Catherine, a 32-year-old St. Petersburg woman, decided to take the risk. Impregnated as a teen-ager, she gave birth to a severely retarded daughter. She was sterilized in 1982. The absence of a safe, reliable contraceptive was "a big factor" in that decision, she said.

In her case, the reversal operation worked. "I'm pregnant now," she said.

When it doesn't, the patient loses the chance for parenthood and up to $10,000, minus whatever an insurance company will pay.

The need is there

Norplant, the implantable contraceptive, may be approved for use in the United States this year. Depo-Provera, an injectable contraceptive, is now being used in Europe, Asia and Canada, but was rejected in the United States by the FDA, which cited a study showing a high incidence of mammary tumors in beagles injected with the drug.

Human tests on male contraceptives are just beginning, and researchers doubt any will reach the market this century. RU-486, a pill that induces early abortions, has been approved for use in France and China and is being tested on a limited number of American women by Dr. Grimes at the University of Southern California. "There is an intense national interest" in the drug, he said, but "we'll see it all over Europe and the world before it comes to the United States."

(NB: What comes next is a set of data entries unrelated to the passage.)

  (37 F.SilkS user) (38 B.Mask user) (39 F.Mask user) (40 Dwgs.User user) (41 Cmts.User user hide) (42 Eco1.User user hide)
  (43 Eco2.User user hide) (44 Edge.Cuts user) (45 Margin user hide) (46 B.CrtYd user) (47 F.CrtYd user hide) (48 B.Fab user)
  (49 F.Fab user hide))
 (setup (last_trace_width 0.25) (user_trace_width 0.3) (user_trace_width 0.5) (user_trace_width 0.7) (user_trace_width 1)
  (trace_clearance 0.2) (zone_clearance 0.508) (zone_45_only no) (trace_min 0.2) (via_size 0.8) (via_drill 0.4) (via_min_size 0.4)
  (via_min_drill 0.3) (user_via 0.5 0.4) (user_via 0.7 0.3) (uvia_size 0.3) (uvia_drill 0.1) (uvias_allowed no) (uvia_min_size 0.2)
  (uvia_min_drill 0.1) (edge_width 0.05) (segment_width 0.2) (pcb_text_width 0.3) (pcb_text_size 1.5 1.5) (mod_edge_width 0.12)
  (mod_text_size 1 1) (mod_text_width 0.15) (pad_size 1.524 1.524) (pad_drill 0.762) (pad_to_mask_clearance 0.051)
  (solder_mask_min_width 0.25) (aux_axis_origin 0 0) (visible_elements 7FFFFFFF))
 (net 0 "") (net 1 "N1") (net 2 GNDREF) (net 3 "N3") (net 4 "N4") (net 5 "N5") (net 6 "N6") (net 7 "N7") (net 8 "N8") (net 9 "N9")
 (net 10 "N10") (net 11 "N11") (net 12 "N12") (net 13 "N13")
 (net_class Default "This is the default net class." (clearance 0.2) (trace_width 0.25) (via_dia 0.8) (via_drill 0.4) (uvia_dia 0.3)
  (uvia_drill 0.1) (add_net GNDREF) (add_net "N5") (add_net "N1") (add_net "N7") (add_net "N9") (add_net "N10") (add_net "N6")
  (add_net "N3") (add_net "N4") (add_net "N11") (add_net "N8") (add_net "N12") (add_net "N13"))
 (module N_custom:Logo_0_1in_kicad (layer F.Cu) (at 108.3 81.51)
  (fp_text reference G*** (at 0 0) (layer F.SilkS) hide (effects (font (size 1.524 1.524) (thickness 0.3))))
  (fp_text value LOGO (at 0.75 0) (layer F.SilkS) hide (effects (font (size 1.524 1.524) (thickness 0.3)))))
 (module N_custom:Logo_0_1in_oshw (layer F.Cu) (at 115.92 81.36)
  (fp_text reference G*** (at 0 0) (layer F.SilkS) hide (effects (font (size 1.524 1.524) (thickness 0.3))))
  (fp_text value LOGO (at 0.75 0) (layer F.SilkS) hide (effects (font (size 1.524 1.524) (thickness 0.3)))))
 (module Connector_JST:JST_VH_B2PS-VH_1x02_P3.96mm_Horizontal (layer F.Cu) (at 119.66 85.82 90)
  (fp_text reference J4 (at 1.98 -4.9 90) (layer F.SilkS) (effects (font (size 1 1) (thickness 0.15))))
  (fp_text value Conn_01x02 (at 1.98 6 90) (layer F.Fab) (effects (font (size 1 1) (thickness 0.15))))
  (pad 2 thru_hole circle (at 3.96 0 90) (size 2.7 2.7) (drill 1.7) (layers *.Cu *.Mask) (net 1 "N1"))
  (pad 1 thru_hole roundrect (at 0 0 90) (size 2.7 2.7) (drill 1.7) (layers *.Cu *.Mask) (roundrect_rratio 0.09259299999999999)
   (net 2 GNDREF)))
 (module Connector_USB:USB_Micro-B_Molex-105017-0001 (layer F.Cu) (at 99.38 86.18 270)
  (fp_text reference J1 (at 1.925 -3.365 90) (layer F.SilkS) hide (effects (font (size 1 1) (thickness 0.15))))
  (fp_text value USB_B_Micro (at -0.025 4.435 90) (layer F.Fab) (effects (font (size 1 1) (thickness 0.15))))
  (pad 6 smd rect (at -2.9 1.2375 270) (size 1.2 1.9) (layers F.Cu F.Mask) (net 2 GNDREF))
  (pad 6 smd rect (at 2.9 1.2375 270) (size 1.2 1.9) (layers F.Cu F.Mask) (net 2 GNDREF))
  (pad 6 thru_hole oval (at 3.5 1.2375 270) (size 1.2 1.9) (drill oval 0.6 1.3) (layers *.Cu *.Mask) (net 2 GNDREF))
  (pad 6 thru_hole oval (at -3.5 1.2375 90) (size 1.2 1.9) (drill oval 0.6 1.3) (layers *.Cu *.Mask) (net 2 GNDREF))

The authors of Developing New Contraceptives did not endorse specific products. Instead, they pointed to the growing number of surgical sterilizations, the high abortion rate and "the very high rate of teen-age pregnancy" as evidence of the need for better contraceptives.

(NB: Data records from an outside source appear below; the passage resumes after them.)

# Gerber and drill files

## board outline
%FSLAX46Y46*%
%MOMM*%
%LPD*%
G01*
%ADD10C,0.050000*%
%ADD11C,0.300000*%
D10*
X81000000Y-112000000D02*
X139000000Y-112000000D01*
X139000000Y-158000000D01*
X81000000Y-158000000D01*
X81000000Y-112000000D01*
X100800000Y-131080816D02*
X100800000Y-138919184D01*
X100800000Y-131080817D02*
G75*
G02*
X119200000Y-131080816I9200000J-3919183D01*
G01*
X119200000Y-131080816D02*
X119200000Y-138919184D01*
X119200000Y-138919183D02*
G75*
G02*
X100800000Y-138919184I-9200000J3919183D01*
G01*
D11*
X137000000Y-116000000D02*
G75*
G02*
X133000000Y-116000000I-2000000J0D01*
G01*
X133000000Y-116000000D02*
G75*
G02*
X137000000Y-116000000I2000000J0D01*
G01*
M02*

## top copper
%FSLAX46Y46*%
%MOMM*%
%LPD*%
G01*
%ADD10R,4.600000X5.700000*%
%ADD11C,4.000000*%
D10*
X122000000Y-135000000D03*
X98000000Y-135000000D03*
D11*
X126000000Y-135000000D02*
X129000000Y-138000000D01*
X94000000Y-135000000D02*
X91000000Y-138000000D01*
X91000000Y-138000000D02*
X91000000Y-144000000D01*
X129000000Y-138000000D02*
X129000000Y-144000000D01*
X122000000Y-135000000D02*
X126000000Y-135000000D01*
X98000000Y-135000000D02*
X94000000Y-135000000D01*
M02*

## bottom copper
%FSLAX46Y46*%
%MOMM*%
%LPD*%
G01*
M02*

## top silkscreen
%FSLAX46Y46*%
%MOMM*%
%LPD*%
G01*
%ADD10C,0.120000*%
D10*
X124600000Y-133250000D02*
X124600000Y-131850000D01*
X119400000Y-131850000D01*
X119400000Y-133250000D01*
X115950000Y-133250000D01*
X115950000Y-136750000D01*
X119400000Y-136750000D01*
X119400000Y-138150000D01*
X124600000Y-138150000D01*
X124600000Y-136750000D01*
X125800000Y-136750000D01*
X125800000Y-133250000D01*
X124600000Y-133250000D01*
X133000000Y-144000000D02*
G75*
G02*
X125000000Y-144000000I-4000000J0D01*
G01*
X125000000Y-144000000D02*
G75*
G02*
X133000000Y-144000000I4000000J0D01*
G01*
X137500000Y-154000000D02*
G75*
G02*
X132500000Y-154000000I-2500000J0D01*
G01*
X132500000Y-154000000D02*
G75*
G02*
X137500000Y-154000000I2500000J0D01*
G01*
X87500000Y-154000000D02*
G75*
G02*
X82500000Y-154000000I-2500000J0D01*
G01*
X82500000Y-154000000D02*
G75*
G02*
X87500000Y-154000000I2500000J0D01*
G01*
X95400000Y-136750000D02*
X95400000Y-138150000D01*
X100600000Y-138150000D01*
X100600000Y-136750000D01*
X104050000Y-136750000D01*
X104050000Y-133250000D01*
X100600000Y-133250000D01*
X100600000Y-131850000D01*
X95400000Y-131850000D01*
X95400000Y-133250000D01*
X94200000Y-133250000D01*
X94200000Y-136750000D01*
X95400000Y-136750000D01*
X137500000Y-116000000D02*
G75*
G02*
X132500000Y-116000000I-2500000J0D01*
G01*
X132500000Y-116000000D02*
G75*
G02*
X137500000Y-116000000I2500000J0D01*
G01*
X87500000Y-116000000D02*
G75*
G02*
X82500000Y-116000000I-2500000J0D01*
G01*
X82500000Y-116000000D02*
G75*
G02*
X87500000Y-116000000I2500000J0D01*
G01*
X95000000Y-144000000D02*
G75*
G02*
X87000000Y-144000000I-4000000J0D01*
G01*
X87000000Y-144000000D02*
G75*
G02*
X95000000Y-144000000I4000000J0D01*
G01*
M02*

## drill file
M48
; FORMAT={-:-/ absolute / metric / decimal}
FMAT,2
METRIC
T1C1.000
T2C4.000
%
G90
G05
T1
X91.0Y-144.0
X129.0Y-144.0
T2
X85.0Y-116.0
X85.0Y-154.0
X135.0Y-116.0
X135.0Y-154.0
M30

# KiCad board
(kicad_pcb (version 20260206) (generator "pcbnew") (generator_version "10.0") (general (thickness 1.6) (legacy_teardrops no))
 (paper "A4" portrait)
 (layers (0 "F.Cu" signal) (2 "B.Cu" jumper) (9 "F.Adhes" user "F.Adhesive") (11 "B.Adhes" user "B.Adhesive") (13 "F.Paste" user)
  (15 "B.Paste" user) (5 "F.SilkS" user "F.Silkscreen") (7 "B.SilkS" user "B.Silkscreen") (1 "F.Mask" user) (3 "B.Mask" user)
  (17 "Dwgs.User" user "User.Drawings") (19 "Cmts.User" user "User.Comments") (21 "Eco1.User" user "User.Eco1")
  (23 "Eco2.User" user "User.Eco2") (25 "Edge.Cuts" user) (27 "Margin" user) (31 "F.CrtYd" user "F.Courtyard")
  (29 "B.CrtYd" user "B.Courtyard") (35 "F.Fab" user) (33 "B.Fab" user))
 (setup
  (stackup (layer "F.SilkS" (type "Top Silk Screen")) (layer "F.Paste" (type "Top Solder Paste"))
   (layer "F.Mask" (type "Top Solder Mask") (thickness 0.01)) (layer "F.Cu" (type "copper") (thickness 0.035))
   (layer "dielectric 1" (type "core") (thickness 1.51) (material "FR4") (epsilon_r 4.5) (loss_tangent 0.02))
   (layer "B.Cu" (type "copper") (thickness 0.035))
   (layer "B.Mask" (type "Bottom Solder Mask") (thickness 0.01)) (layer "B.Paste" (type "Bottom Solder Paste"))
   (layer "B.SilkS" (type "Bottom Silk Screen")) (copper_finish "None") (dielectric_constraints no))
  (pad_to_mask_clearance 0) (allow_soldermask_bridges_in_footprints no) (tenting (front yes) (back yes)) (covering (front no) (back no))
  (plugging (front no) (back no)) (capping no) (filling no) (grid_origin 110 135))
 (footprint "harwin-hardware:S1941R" (layer "F.Cu") (at 122 135)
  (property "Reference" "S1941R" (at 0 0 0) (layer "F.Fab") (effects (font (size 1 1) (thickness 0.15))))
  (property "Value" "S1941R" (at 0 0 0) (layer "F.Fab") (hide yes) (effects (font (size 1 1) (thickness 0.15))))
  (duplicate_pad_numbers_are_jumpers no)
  (fp_poly
   (pts (xy 2.6 -1.75) (xy 2.6 -3.15) (xy -2.6 -3.15) (xy -2.6 -1.75) (xy -6.05 -1.75) (xy -6.05 1.75) (xy -2.6 1.75) (xy -2.6 3.15)
    (xy 2.6 3.15) (xy 2.6 1.75) (xy 3.8 1.75) (xy 3.8 -1.75))
   (stroke (width 0.12) (type solid)) (fill no) (layer "F.SilkS"))
  (pad "1" smd rect (at 0 0) (size 4.6 5.7) (layers "F.Cu" "F.Mask" "F.Paste")))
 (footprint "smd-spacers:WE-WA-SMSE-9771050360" (layer "F.Cu") (at 129 144)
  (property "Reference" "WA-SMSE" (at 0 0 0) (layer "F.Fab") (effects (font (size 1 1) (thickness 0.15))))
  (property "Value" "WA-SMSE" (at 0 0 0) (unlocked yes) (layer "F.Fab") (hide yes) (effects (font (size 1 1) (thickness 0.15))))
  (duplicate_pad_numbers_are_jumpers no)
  (fp_circle (center 0 0) (end 4 0) (stroke (width 0.12) (type default)) (fill no) (layer "F.SilkS"))
  (pad "" np_thru_hole circle (at 0 0) (size 1 1) (drill 1) (layers "*.Cu" "*.Mask")))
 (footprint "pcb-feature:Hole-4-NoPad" (layer "F.Cu") (at 135 154)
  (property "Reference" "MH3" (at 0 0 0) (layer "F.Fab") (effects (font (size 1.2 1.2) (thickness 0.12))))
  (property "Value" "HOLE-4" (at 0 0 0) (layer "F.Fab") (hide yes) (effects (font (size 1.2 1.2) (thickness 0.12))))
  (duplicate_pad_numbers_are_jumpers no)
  (fp_circle (center 0 0) (end 2.5 0) (stroke (width 0.12) (type solid)) (fill no) (layer "F.SilkS"))
  (pad "" np_thru_hole circle (at 0 0) (size 4 4) (drill 4) (layers "*.Cu" "*.Mask")))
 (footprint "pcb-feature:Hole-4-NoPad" (layer "F.Cu") (at 85 154)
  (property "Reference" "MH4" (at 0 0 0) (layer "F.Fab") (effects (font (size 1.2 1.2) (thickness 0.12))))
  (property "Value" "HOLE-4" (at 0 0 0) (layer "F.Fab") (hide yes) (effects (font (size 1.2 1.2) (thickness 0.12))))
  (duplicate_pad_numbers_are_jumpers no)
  (fp_circle (center 0 0) (end 2.5 0) (stroke (width 0.12) (type solid)) (fill no) (layer "F.SilkS"))
  (pad "" np_thru_hole circle (at 0 0) (size 4 4) (drill 4) (layers "*.Cu" "*.Mask")))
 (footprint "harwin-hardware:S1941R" (layer "F.Cu") (at 98 135 180)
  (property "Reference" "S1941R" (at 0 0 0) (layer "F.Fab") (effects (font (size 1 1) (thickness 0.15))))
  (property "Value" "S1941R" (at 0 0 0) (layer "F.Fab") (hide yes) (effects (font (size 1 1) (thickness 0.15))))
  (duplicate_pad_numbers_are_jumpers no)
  (fp_poly
   (pts (xy 2.6 -1.75) (xy 2.6 -3.15) (xy -2.6 -3.15) (xy -2.6 -1.75) (xy -6.05 -1.75) (xy -6.05 1.75) (xy -2.6 1.75) (xy -2.6 3.15)
    (xy 2.6 3.15) (xy 2.6 1.75) (xy 3.8 1.75) (xy 3.8 -1.75))
   (stroke (width 0.12) (type solid)) (fill no) (layer "F.SilkS"))
  (pad "1" smd rect (at 0 0 180) (size 4.6 5.7) (layers "F.Cu" "F.Mask" "F.Paste")))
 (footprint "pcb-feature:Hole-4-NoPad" (layer "F.Cu") (at 135 116)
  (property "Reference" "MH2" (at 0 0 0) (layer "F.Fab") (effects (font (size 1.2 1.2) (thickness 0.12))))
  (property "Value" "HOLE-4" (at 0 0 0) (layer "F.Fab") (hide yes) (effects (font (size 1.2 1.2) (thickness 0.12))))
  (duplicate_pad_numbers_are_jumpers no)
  (fp_circle (center 0 0) (end 2.5 0) (stroke (width 0.12) (type solid)) (fill no) (layer "F.SilkS"))
  (pad "" np_thru_hole circle (at 0 0) (size 4 4) (drill 4) (layers "*.Cu" "*.Mask")))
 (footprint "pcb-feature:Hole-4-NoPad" (layer "F.Cu") (at 85 116)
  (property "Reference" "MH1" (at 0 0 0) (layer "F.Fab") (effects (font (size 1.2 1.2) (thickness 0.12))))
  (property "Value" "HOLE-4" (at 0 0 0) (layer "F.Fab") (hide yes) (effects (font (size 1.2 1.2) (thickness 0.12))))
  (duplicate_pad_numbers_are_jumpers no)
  (fp_circle (center 0 0) (end 2.5 0) (stroke (width 0.12) (type solid)) (fill no) (layer "F.SilkS"))
  (pad "" np_thru_hole circle (at 0 0) (size 4 4) (drill 4) (layers "*.Cu" "*.Mask")))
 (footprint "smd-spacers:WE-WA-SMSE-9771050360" (layer "F.Cu") (at 91 144)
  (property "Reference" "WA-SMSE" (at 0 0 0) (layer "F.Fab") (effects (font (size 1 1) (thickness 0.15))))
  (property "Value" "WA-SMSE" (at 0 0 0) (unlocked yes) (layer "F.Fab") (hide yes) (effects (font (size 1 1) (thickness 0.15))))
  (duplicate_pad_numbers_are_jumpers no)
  (fp_circle (center 0 0) (end 4 0) (stroke (width 0.12) (type default)) (fill no) (layer "F.SilkS"))
  (pad "" np_thru_hole circle (at 0 0) (size 1 1) (drill 1) (layers "*.Cu" "*.Mask")))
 (gr_rect (start 81 112) (end 139 158) (stroke (width 0.05) (type default)) (fill no) (layer "Edge.Cuts"))
 (gr_line (start 100.8 131.080816) (end 100.8 138.919184) (stroke (width 0.05) (type solid)) (layer "Edge.Cuts"))
 (gr_arc (start 100.8 131.080817) (mid 110 125) (end 119.2 131.080816) (stroke (width 0.05) (type solid)) (layer "Edge.Cuts"))
 (gr_line (start 119.2 131.080816) (end 119.2 138.919184) (stroke (width 0.05) (type solid)) (layer "Edge.Cuts"))
 (gr_arc (start 119.2 138.919183) (mid 110 145) (end 100.8 138.919184) (stroke (width 0.05) (type solid)) (layer "Edge.Cuts"))
 (gr_circle (center 135 116) (end 133 116) (stroke (width 0.3) (type solid)) (fill no) (layer "Edge.Cuts"))
 (segment (start 126 135) (end 129 138) (width 4) (layer "F.Cu") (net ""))
 (segment (start 94 135) (end 91 138) (width 4) (layer "F.Cu") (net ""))
 (segment (start 91 138) (end 91 144) (width 4) (layer "F.Cu") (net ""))
 (segment (start 129 138) (end 129 144) (width 4) (layer "F.Cu") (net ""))
 (segment (start 122 135) (end 126 135) (width 4) (layer "F.Cu") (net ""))
 (segment (start 98 135) (end 94 135) (width 4) (layer "F.Cu") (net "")))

They call for increased federal support of contraceptive research, greater regulatory recognition of the potential health benefits of contraceptives and a change in product liability laws that would allow drug companies to use FDA approval of contraceptives as a partial defense.

Family planning groups welcomed the report; anti-abortion groups did not.

The report asks many Americans to accept trade-offs. If the anti-abortion movement really wants to reduce the abortion rate in America, it may have to draw a moral distinction between the destruction of a 5-month-old fetus and a fertilized egg. If couples want better contraceptives, they may have to limit their right to file $5-million lawsuits against the manufacturers. If parents don't want to see their daughters pregnant, they may have to consider how inadequate and inaccessible today's contraceptives are to teen-agers who decide to try sex.

David Olinger is a staff writer for the St. Petersburg Times.